If the agent paraphrases instead of citing values, your response schema is too loose or the tool description is misleading. Tighten both.
The final state and one common pitfall
You now have a custom connector calling an authenticated internal API, registered as a tool the agent can invoke based on conversation context, returning structured data the LLM uses in its response.
The pitfall to watch for: connection caching across environments. A connector that works in your dev environment will not auto-promote. You need to export the solution, import it into the next environment, and recreate the connection reference there. Skip that and your ALM pipeline will fail in ways that look like auth bugs but are really environment scoping. If your setup involves agents talking to external systems across multiple environments, the same scoping problems come up in Power Platform Agents Talking to GitHub Sounds Simple Until You Hit Enterprise Environment Sprawl.

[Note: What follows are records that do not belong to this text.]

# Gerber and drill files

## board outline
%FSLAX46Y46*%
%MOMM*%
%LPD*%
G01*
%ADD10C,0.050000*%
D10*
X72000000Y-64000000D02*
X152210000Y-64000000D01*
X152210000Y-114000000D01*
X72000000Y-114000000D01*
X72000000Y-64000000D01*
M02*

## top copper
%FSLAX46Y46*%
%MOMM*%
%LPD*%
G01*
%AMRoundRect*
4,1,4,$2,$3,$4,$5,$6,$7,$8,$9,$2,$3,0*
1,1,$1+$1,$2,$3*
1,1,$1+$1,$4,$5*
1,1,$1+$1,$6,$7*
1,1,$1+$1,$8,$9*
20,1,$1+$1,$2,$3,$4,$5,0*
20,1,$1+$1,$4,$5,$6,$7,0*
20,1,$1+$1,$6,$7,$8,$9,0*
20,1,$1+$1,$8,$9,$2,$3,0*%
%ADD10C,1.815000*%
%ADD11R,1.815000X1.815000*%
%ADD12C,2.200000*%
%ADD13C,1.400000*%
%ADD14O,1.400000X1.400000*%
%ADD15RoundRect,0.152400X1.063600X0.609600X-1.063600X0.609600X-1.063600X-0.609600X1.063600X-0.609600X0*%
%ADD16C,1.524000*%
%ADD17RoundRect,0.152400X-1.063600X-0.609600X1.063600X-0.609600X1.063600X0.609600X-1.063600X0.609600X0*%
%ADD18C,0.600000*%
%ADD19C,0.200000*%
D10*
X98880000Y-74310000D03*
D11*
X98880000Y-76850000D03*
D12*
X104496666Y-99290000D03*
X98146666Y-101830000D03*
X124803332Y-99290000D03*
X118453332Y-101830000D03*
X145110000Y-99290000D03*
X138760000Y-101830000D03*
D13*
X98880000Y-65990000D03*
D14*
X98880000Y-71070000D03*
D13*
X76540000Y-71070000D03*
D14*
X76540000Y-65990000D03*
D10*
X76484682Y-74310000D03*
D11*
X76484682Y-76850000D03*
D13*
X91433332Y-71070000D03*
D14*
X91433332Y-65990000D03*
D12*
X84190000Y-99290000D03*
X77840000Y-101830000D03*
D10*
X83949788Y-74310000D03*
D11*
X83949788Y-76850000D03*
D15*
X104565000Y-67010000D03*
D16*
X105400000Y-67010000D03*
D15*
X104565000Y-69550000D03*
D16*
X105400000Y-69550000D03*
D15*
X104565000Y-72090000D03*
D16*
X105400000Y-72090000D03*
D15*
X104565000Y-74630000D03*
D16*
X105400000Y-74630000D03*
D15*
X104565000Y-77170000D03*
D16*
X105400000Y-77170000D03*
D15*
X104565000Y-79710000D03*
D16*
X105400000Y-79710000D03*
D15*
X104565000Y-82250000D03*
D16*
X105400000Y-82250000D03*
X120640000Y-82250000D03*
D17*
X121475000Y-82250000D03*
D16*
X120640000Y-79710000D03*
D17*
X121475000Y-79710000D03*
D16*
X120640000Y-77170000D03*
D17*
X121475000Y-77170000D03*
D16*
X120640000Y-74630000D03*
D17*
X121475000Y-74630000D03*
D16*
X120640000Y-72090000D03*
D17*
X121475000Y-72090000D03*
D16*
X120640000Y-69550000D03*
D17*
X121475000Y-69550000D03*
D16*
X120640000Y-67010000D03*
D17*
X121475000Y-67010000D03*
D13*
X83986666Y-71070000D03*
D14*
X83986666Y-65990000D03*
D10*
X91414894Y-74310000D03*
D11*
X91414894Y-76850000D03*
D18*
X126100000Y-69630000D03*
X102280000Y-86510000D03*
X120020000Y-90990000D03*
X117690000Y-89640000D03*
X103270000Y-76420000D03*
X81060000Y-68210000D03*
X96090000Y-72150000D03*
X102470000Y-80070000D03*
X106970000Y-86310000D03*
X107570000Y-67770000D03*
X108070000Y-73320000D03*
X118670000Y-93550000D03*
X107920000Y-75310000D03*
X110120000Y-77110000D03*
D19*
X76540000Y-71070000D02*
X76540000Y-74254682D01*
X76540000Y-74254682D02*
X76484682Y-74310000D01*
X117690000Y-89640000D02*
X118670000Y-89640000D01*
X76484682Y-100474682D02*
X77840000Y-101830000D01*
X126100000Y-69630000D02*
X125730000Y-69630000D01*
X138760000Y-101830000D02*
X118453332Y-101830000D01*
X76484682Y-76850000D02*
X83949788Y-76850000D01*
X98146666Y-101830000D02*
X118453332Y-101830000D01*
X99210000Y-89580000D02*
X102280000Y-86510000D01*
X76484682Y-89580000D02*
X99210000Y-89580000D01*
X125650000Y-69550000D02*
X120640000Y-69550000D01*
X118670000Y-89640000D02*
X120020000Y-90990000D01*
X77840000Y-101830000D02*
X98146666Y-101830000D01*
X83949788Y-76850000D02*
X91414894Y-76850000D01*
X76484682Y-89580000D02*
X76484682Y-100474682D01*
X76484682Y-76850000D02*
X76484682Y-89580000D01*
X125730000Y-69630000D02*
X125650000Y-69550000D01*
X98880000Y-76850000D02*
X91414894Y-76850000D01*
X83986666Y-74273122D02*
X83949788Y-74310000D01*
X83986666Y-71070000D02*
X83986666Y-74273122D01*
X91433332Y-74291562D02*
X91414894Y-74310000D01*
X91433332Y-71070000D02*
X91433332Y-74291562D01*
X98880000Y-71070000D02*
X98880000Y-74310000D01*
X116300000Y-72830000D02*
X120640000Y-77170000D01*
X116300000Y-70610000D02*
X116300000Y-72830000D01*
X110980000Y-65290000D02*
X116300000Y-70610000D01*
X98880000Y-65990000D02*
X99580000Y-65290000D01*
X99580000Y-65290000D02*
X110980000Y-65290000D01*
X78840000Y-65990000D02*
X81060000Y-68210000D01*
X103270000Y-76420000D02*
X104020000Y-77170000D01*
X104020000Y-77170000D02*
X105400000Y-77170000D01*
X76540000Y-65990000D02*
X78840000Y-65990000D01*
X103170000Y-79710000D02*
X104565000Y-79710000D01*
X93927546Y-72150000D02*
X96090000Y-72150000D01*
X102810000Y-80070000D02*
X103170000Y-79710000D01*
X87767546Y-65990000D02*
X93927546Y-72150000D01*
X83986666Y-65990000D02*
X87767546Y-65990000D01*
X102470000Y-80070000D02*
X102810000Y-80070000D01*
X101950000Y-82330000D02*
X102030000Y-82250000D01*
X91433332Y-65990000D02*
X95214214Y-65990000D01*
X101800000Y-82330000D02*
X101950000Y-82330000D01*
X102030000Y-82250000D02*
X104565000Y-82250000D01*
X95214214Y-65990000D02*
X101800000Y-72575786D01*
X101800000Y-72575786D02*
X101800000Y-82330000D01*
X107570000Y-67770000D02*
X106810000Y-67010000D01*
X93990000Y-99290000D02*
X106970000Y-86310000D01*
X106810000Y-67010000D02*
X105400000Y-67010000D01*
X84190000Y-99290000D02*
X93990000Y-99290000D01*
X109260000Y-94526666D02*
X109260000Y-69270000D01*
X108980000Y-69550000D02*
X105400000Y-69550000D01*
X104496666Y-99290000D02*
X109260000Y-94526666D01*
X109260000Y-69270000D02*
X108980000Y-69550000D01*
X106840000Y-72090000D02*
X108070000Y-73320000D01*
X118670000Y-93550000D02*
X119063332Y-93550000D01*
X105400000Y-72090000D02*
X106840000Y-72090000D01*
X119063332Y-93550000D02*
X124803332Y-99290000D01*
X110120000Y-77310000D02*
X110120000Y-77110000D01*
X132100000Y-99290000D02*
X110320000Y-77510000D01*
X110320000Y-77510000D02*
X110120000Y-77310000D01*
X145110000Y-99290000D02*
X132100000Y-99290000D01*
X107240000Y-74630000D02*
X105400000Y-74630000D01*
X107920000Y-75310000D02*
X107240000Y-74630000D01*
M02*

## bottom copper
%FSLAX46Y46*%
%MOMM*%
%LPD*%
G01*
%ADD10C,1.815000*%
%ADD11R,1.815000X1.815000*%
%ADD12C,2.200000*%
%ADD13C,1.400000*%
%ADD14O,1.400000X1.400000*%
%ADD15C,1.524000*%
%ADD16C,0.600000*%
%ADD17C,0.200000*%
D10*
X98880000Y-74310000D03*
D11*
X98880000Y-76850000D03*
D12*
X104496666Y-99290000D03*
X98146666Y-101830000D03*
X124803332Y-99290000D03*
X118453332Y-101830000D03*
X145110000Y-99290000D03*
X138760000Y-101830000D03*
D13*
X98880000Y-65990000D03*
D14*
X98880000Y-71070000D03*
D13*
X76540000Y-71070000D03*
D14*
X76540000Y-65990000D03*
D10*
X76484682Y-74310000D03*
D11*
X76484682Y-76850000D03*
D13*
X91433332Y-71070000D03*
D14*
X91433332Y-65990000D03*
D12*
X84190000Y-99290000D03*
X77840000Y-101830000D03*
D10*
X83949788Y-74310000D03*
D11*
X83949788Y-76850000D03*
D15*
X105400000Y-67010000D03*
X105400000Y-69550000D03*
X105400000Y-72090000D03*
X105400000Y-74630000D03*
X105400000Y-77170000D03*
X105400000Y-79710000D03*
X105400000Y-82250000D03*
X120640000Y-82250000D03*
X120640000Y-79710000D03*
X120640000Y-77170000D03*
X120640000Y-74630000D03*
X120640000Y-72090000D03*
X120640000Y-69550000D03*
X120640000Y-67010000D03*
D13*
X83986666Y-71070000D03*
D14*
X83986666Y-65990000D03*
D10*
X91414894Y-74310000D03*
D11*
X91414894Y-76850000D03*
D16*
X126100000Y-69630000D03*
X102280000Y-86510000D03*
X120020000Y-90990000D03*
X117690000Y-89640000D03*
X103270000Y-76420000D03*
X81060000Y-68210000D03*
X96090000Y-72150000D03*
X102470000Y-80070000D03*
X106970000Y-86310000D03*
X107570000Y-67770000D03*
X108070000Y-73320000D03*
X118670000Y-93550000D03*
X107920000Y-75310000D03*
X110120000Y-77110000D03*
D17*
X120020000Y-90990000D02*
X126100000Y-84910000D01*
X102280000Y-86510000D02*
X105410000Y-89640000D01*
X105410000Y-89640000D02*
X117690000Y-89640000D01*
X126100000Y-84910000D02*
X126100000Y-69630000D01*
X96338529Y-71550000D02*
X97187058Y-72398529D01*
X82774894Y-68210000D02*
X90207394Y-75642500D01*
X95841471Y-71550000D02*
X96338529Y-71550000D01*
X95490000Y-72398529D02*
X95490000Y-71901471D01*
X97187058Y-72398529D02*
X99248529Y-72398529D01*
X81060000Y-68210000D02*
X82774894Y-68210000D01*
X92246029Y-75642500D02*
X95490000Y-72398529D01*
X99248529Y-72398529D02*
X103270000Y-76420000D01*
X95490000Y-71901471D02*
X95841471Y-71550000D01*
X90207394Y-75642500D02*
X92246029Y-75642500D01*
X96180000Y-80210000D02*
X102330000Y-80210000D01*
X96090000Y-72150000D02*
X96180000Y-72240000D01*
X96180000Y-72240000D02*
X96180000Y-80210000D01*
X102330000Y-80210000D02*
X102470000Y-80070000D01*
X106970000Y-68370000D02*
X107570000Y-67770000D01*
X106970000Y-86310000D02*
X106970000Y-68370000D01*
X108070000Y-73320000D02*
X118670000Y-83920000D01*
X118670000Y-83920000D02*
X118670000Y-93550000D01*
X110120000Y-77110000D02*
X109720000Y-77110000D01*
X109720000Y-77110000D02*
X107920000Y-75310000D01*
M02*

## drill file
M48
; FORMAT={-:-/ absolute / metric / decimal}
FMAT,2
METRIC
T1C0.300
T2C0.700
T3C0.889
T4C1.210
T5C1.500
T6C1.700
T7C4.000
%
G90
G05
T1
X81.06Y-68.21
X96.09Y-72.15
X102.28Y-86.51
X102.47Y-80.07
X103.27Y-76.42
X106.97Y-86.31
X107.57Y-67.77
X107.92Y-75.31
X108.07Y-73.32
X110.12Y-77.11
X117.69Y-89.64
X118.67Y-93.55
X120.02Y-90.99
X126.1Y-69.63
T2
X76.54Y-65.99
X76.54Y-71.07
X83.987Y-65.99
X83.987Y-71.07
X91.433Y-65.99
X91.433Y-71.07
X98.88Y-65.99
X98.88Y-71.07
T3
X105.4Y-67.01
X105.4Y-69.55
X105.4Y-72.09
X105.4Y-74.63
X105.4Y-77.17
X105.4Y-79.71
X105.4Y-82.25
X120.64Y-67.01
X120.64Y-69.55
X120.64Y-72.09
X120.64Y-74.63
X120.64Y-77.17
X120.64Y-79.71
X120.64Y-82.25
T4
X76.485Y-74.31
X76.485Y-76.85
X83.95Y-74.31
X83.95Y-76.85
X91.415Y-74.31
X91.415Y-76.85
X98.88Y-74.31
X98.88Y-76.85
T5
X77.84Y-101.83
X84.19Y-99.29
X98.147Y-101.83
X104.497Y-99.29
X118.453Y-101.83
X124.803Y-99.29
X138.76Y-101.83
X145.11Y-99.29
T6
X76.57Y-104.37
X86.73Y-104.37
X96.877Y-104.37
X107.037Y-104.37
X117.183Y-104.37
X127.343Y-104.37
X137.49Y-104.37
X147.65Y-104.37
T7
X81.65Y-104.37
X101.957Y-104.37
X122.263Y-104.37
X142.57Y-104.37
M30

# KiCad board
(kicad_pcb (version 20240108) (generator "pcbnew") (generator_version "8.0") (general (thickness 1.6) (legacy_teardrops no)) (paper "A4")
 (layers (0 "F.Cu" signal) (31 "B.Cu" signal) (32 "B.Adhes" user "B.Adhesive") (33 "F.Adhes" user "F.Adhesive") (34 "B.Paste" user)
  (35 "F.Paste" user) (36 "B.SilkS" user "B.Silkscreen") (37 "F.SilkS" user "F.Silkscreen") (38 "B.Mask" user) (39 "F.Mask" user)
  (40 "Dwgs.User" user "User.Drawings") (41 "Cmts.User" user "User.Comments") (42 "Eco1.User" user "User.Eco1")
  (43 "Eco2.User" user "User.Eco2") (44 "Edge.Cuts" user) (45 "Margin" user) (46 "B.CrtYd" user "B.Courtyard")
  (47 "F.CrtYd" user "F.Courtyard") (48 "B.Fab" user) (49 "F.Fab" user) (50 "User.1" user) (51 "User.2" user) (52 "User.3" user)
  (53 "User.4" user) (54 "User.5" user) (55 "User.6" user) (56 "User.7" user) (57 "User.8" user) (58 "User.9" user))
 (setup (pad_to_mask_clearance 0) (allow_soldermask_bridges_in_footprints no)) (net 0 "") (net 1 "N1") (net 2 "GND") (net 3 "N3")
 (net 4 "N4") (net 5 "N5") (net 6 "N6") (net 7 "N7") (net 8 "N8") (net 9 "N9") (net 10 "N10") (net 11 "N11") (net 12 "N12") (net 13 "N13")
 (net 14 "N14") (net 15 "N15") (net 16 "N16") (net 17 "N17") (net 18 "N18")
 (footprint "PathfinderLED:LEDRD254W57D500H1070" (layer "F.Cu") (at 98.88 75.58 90)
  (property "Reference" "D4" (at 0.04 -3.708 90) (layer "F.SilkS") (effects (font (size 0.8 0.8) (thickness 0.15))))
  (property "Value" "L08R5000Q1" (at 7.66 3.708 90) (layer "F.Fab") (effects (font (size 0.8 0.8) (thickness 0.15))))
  (pad "A" thru_hole circle (at 1.27 0 90) (size 1.815 1.815) (drill 1.21) (layers "*.Cu" "*.Mask") (remove_unused_layers no) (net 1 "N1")
   (solder_mask_margin 0.102))
  (pad "C" thru_hole rect (at -1.27 0 90) (size 1.815 1.815) (drill 1.21) (layers "*.Cu" "*.Mask") (remove_unused_layers no) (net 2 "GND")
   (solder_mask_margin 0.102)))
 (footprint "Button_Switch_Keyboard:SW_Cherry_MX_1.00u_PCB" (layer "F.Cu") (at 104.496666 99.29)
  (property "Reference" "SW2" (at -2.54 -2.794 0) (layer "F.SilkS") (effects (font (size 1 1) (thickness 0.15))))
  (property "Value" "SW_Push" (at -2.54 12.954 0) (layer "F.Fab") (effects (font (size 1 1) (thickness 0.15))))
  (pad "" np_thru_hole circle (at -7.62 5.08) (size 1.7 1.7) (drill 1.7) (layers "*.Cu" "*.Mask"))
  (pad "" np_thru_hole circle (at -2.54 5.08) (size 4 4) (drill 4) (layers "*.Cu" "*.Mask"))
  (pad "" np_thru_hole circle (at 2.54 5.08) (size 1.7 1.7) (drill 1.7) (layers "*.Cu" "*.Mask"))
  (pad "1" thru_hole circle (at 0 0) (size 2.2 2.2) (drill 1.5) (layers "*.Cu" "*.Mask") (remove_unused_layers no) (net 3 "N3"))
  (pad "2" thru_hole circle (at -6.35 2.54) (size 2.2 2.2) (drill 1.5) (layers "*.Cu" "*.Mask") (remove_unused_layers no) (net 2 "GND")))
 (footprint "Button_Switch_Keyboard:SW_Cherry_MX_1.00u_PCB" (layer "F.Cu") (at 124.803332 99.29)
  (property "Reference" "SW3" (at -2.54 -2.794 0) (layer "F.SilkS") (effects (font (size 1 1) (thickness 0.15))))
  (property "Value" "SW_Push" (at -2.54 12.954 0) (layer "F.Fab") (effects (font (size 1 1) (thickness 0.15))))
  (pad "" np_thru_hole circle (at -7.62 5.08) (size 1.7 1.7) (drill 1.7) (layers "*.Cu" "*.Mask"))
  (pad "" np_thru_hole circle (at -2.54 5.08) (size 4 4) (drill 4) (layers "*.Cu" "*.Mask"))
  (pad "" np_thru_hole circle (at 2.54 5.08) (size 1.7 1.7) (drill 1.7) (layers "*.Cu" "*.Mask"))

Frequently Asked Questions
How do I create a custom connector in Copilot Studio?
To build a Copilot Studio custom connector, start by preparing an OpenAPI 2.0 (Swagger) file that defines your API endpoints, parameters, and response schemas. Then go to make.powerautomate.com, navigate to Data, Custom Connectors, and import your Swagger file. From there you configure authentication, define your operations, and connect the connector to your Copilot Studio agent as a tool.
What is the best authentication method for a custom connector in Power Platform?
OAuth 2.0 with Microsoft Entra ID is the recommended approach for enterprise APIs, as API key authentication does not support per-user identity. Authentication choices made at the connector level affect every maker and environment that uses it downstream, so it is worth getting right from the start.
Why does my Copilot Studio agent not understand the API response correctly?
If your API returns a vague or empty response body, the agent has nothing structured to reason about. Every response should include a defined schema with named properties so the agent can interpret the result and decide how to use it in the conversation.
When should I build a custom connector instead of using a built-in one?
You need a custom connector when your Copilot Studio agent needs to call an internal or proprietary REST API that is not covered by the existing built-in connectors. If your use case involves company-specific data or internal services, a custom connector is the right path.